● Task instructions
Which of the lines below hold the word "Courtyard"? Pull each of them out.

Data items
++++
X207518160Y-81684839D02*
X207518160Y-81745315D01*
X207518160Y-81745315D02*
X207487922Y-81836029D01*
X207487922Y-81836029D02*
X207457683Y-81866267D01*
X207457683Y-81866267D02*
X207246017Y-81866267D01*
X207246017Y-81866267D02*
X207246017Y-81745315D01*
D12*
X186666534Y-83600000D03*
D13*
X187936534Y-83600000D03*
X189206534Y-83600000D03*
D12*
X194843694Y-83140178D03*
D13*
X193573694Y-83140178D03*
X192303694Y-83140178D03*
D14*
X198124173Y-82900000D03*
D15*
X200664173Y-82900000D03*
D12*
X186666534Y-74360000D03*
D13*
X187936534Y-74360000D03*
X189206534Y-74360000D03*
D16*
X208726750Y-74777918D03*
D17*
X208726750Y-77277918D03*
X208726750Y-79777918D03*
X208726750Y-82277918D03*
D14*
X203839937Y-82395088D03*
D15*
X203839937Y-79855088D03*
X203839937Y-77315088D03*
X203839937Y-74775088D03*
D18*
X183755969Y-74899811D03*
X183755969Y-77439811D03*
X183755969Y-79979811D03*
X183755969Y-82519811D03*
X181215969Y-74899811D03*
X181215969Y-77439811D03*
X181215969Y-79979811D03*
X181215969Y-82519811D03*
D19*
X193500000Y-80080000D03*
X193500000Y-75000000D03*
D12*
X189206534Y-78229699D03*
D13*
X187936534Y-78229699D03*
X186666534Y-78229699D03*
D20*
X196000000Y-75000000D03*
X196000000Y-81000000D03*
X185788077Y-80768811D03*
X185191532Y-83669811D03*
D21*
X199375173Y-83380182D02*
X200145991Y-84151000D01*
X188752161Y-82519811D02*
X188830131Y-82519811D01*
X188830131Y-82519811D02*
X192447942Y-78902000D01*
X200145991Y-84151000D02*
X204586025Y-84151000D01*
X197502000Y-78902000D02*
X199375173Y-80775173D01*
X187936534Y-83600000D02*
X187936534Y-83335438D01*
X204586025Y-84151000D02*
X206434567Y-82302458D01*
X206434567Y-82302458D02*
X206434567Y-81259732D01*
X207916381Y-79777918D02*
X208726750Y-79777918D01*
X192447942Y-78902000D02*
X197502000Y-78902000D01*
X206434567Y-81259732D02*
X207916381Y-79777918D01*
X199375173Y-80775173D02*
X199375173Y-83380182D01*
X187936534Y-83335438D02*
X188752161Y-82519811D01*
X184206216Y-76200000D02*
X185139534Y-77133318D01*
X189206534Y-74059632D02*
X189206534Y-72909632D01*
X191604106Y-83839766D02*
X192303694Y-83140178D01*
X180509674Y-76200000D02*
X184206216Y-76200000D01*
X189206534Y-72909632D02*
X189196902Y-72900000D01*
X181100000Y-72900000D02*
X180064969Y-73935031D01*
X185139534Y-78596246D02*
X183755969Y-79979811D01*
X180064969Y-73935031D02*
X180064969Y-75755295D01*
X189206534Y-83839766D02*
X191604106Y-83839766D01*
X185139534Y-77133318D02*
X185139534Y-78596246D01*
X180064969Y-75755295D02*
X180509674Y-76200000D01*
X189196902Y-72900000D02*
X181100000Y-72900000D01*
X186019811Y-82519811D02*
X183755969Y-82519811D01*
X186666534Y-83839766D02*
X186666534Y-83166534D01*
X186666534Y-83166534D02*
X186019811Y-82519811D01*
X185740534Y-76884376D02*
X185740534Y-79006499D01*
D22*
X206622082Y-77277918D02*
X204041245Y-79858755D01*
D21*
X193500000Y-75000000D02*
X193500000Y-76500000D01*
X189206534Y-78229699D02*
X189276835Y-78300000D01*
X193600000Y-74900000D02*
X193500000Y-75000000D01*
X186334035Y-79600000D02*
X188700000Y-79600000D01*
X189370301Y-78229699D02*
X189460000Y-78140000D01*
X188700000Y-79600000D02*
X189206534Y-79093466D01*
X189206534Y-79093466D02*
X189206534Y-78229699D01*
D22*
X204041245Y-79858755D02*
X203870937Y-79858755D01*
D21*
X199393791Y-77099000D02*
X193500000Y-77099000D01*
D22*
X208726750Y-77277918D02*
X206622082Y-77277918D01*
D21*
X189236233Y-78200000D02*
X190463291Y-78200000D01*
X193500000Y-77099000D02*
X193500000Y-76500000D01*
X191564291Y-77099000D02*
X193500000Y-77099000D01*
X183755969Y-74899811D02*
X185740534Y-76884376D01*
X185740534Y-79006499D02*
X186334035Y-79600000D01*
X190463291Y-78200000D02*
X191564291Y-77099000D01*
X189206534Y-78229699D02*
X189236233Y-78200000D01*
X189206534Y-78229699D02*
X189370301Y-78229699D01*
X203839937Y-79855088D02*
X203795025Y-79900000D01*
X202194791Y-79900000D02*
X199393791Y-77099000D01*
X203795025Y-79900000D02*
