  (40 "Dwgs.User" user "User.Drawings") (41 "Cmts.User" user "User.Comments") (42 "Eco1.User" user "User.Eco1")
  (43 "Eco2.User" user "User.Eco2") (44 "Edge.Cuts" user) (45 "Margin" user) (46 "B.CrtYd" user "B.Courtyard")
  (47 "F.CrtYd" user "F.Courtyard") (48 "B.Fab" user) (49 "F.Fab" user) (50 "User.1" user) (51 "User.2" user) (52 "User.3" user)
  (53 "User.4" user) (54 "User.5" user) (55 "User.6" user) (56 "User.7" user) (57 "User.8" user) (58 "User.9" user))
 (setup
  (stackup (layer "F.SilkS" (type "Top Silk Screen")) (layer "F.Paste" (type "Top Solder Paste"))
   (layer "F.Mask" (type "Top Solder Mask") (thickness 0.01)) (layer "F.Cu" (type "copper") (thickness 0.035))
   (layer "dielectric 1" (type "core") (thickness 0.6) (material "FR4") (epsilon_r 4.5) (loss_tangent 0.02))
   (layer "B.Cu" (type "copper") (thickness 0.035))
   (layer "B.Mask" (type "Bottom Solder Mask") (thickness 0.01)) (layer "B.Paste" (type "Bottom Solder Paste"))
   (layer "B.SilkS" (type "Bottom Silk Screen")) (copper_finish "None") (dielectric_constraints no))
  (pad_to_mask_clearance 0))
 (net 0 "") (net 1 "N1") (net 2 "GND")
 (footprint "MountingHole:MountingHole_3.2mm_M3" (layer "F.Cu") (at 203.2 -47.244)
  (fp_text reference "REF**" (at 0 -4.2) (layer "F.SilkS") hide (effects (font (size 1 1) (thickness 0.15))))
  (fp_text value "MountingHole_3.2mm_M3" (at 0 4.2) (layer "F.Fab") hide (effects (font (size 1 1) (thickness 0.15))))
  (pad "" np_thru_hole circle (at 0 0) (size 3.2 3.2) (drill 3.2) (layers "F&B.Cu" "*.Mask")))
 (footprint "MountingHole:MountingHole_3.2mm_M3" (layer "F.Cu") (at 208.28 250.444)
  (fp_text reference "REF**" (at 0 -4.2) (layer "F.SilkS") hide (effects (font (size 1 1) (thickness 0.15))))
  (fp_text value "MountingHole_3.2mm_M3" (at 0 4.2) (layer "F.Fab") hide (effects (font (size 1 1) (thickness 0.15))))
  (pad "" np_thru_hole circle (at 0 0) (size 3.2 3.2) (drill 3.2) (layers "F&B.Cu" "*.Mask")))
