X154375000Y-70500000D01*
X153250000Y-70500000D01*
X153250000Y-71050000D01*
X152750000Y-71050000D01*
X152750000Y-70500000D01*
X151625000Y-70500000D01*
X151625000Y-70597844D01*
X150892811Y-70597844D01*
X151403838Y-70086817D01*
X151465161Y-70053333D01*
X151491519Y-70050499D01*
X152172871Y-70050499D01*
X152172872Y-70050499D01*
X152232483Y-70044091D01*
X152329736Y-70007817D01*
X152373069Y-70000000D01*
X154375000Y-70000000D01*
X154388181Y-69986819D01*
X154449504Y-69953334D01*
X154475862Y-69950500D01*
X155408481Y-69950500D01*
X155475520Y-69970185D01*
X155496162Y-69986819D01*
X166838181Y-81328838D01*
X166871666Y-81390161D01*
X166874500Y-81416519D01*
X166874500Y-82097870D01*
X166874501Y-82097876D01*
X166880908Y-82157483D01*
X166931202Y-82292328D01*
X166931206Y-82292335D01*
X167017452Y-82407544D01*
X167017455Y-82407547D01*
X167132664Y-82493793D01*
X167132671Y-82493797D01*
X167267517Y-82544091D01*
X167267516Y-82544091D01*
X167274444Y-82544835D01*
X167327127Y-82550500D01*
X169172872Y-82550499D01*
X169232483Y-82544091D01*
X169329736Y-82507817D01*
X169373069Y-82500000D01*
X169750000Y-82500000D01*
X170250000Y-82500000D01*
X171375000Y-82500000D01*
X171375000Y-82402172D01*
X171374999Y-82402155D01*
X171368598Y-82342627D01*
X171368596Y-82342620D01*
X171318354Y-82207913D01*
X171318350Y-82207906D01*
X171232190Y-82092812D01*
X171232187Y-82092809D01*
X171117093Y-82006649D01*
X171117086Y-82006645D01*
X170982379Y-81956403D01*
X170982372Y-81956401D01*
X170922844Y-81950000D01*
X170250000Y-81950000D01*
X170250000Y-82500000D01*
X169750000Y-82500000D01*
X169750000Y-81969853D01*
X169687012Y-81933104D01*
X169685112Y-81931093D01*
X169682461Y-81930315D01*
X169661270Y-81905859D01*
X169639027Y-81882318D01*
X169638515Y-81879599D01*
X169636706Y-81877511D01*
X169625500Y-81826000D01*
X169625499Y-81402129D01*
++++
● Task response
  (43 "Eco2.User" user "User.Eco2") (44 "Edge.Cuts" user) (45 "Margin" user) (46 "B.CrtYd" user "B.Courtyard")
  (47 "F.CrtYd" user "F.Courtyard") (48 "B.Fab" user) (49 "F.Fab" user) (50 "User.1" user) (51 "User.2" user) (52 "User.3" user)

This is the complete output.